:: TASK ::
Restate word for word the entries below, starting with the line with "X102900000Y-108320000D02*" and continuing through the line with "X133430000Y-122760000D01*". Include both of those lines and no others.

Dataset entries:
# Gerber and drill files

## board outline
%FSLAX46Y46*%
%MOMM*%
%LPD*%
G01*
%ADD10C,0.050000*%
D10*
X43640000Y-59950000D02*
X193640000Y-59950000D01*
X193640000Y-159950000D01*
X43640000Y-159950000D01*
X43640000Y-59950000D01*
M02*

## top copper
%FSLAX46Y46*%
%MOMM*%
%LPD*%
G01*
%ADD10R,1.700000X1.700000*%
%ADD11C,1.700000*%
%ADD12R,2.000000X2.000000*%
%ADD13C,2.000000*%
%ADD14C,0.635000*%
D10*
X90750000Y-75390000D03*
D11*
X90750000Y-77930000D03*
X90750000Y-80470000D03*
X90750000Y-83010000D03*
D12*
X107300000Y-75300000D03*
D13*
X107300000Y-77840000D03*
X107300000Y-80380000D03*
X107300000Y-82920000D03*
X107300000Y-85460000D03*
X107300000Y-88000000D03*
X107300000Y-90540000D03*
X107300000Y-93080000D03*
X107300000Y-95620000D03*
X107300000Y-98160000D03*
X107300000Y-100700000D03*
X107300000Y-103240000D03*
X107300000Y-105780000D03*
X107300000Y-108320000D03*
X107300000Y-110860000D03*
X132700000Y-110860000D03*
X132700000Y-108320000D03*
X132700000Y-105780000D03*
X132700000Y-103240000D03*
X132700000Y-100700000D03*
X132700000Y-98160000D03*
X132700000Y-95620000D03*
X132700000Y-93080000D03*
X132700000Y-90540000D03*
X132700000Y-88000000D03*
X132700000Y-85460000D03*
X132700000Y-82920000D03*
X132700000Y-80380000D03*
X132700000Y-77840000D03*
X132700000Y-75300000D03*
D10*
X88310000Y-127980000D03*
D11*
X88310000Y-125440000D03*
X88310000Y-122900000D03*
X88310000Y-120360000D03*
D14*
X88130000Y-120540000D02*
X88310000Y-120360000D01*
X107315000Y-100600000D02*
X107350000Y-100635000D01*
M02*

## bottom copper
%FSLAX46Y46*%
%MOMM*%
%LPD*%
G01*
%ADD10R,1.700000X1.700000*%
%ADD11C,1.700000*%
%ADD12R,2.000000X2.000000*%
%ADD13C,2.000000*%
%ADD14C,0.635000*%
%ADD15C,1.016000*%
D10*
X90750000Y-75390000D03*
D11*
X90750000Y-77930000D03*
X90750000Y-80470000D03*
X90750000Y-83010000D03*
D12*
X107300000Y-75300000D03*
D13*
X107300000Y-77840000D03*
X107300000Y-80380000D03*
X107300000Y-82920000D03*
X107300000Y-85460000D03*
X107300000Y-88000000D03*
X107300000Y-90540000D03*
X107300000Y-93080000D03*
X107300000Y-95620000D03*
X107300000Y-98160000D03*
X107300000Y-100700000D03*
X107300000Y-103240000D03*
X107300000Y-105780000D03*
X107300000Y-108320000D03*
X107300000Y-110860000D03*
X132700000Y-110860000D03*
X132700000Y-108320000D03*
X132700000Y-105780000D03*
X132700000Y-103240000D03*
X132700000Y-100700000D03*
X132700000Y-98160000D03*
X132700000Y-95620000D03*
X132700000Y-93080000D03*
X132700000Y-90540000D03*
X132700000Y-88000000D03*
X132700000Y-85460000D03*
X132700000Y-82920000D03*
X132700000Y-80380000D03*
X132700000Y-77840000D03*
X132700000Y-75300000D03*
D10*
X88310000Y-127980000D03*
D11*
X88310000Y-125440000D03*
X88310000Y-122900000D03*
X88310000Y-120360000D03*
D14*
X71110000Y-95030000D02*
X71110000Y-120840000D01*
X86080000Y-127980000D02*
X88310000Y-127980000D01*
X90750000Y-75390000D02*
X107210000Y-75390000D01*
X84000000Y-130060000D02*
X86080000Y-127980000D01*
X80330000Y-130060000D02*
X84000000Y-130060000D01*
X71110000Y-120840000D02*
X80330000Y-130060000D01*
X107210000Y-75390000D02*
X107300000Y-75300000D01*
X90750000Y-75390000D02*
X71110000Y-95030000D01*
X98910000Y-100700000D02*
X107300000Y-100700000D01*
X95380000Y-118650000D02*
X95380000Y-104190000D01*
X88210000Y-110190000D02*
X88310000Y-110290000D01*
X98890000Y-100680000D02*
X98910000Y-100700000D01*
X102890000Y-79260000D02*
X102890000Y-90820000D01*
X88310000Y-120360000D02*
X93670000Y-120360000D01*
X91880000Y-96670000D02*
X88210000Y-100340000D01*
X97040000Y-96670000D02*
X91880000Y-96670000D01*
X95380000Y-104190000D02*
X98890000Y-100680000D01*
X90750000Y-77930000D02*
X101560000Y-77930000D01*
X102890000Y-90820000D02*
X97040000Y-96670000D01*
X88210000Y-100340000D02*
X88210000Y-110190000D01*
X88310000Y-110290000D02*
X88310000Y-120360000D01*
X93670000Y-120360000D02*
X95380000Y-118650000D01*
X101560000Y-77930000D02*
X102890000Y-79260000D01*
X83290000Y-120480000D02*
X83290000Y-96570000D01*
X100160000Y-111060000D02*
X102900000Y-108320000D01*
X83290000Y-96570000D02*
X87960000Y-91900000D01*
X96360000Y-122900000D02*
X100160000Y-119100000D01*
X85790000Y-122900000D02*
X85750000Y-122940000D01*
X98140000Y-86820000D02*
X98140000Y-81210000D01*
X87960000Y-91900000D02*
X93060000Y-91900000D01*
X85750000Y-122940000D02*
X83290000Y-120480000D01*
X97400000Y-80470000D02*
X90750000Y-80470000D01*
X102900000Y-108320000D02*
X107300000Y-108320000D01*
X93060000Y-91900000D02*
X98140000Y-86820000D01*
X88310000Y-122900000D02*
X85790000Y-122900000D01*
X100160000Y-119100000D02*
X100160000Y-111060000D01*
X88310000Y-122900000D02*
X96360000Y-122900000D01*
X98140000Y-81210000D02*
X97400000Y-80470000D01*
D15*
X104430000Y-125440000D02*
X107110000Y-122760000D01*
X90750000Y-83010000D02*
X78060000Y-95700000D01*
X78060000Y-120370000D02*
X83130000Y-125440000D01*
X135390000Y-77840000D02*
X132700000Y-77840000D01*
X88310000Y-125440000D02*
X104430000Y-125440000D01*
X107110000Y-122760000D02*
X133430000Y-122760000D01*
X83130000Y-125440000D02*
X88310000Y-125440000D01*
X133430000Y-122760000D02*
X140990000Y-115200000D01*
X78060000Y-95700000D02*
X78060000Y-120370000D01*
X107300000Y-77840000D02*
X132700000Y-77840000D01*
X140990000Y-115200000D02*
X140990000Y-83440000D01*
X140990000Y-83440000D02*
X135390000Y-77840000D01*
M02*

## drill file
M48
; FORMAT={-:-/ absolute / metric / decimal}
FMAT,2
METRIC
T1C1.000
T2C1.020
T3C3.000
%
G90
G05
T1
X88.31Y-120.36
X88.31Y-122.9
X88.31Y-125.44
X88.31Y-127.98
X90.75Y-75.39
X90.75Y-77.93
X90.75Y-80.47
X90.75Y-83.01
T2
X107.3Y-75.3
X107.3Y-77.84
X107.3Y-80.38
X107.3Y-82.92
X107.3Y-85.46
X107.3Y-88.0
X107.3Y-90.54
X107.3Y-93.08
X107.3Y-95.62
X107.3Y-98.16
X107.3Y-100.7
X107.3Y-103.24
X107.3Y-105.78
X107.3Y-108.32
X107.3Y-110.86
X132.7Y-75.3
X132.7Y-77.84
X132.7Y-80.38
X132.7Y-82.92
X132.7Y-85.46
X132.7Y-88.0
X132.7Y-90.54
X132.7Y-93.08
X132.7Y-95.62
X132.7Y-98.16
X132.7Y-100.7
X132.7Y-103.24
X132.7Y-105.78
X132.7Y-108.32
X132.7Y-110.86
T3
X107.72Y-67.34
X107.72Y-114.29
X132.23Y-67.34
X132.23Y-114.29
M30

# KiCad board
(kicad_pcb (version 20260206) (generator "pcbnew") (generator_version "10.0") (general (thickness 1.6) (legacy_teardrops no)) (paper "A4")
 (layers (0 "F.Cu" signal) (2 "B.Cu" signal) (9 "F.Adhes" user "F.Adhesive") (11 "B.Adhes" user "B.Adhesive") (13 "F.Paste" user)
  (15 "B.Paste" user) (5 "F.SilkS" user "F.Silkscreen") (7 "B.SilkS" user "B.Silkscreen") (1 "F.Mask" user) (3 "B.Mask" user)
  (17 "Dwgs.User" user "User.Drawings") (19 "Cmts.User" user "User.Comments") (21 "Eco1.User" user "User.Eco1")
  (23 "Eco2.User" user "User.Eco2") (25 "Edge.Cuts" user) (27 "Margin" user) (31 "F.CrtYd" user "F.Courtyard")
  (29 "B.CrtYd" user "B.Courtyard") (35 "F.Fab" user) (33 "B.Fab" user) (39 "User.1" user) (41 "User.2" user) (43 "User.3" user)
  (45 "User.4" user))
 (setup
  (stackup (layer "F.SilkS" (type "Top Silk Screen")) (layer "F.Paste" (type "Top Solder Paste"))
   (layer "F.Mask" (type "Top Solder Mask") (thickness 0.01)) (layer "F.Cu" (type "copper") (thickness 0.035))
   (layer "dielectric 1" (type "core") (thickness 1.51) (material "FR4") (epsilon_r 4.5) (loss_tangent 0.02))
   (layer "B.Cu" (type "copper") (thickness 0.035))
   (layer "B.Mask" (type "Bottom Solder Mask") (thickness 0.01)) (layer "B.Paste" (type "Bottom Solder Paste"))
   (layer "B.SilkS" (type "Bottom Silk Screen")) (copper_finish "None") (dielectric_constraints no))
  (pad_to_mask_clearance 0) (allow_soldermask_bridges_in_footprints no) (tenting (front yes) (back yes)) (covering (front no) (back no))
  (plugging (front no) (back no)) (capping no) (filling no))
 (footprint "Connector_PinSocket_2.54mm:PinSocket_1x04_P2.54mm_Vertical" (layer "F.Cu") (at 90.75 75.39)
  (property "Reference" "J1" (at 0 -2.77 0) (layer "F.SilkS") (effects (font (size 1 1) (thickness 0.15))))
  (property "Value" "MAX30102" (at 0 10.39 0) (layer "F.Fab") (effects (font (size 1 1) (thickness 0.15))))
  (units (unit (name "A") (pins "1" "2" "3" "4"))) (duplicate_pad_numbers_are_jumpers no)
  (pad "1" thru_hole rect (at 0 0) (size 1.7 1.7) (drill 1) (layers "*.Cu" "*.Mask") (remove_unused_layers no) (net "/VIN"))
  (pad "2" thru_hole circle (at 0 2.54) (size 1.7 1.7) (drill 1) (layers "*.Cu" "*.Mask") (remove_unused_layers no) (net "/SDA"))
  (pad "3" thru_hole circle (at 0 5.08) (size 1.7 1.7) (drill 1) (layers "*.Cu" "*.Mask") (remove_unused_layers no) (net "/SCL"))
  (pad "4" thru_hole circle (at 0 7.62) (size 1.7 1.7) (drill 1) (layers "*.Cu" "*.Mask") (remove_unused_layers no) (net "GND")))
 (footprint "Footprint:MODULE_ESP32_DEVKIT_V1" (layer "F.Cu") (at 120 90.815)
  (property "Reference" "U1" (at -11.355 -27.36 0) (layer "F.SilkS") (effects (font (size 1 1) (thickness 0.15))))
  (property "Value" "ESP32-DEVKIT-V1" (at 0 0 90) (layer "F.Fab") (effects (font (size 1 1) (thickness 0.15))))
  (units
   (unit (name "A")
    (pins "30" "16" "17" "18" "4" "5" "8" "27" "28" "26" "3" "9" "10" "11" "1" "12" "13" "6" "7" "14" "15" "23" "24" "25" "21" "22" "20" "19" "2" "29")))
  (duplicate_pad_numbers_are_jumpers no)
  (pad "" np_thru_hole circle (at -12.28 -23.475) (size 3 3) (drill 3) (layers "*.Cu" "*.Mask"))
  (pad "" np_thru_hole circle (at -12.28 23.475) (size 3 3) (drill 3) (layers "*.Cu" "*.Mask"))
  (pad "" np_thru_hole circle (at 12.23 -23.475) (size 3 3) (drill 3) (layers "*.Cu" "*.Mask"))
  (pad "" np_thru_hole circle (at 12.23 23.475) (size 3 3) (drill 3) (layers "*.Cu" "*.Mask"))
  (pad "1" thru_hole rect (at -12.7 -15.515) (size 2 2) (drill 1.02) (layers "*.Cu" "*.Mask") (remove_unused_layers no) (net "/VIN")
   (solder_mask_margin 0.102))
  (pad "2" thru_hole circle (at -12.7 -12.975) (size 2 2) (drill 1.02) (layers "*.Cu" "*.Mask") (remove_unused_layers no) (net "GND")
   (solder_mask_margin 0.102))
  (pad "3" thru_hole circle (at -12.7 -10.435) (size 2 2) (drill 1.02) (layers "*.Cu" "*.Mask") (remove_unused_layers no)
   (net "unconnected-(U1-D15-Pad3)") (solder_mask_margin 0.102))
  (pad "4" thru_hole circle (at -12.7 -7.895) (size 2 2) (drill 1.02) (layers "*.Cu" "*.Mask") (remove_unused_layers no)
   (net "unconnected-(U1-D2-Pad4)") (solder_mask_margin 0.102))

:: TASK SOLUTION ::
X102900000Y-108320000D02*
X107300000Y-108320000D01*
X93060000Y-91900000D02*
X98140000Y-86820000D01*
X88310000Y-122900000D02*
X85790000Y-122900000D01*
X100160000Y-119100000D02*
X100160000Y-111060000D01*
X88310000Y-122900000D02*
X96360000Y-122900000D01*
X98140000Y-81210000D02*
X97400000Y-80470000D01*
D15*
X104430000Y-125440000D02*
X107110000Y-122760000D01*
X90750000Y-83010000D02*
X78060000Y-95700000D01*
X78060000Y-120370000D02*
X83130000Y-125440000D01*
X135390000Y-77840000D02*
X132700000Y-77840000D01*
X88310000Y-125440000D02*
X104430000Y-125440000D01*
X107110000Y-122760000D02*
X133430000Y-122760000D01*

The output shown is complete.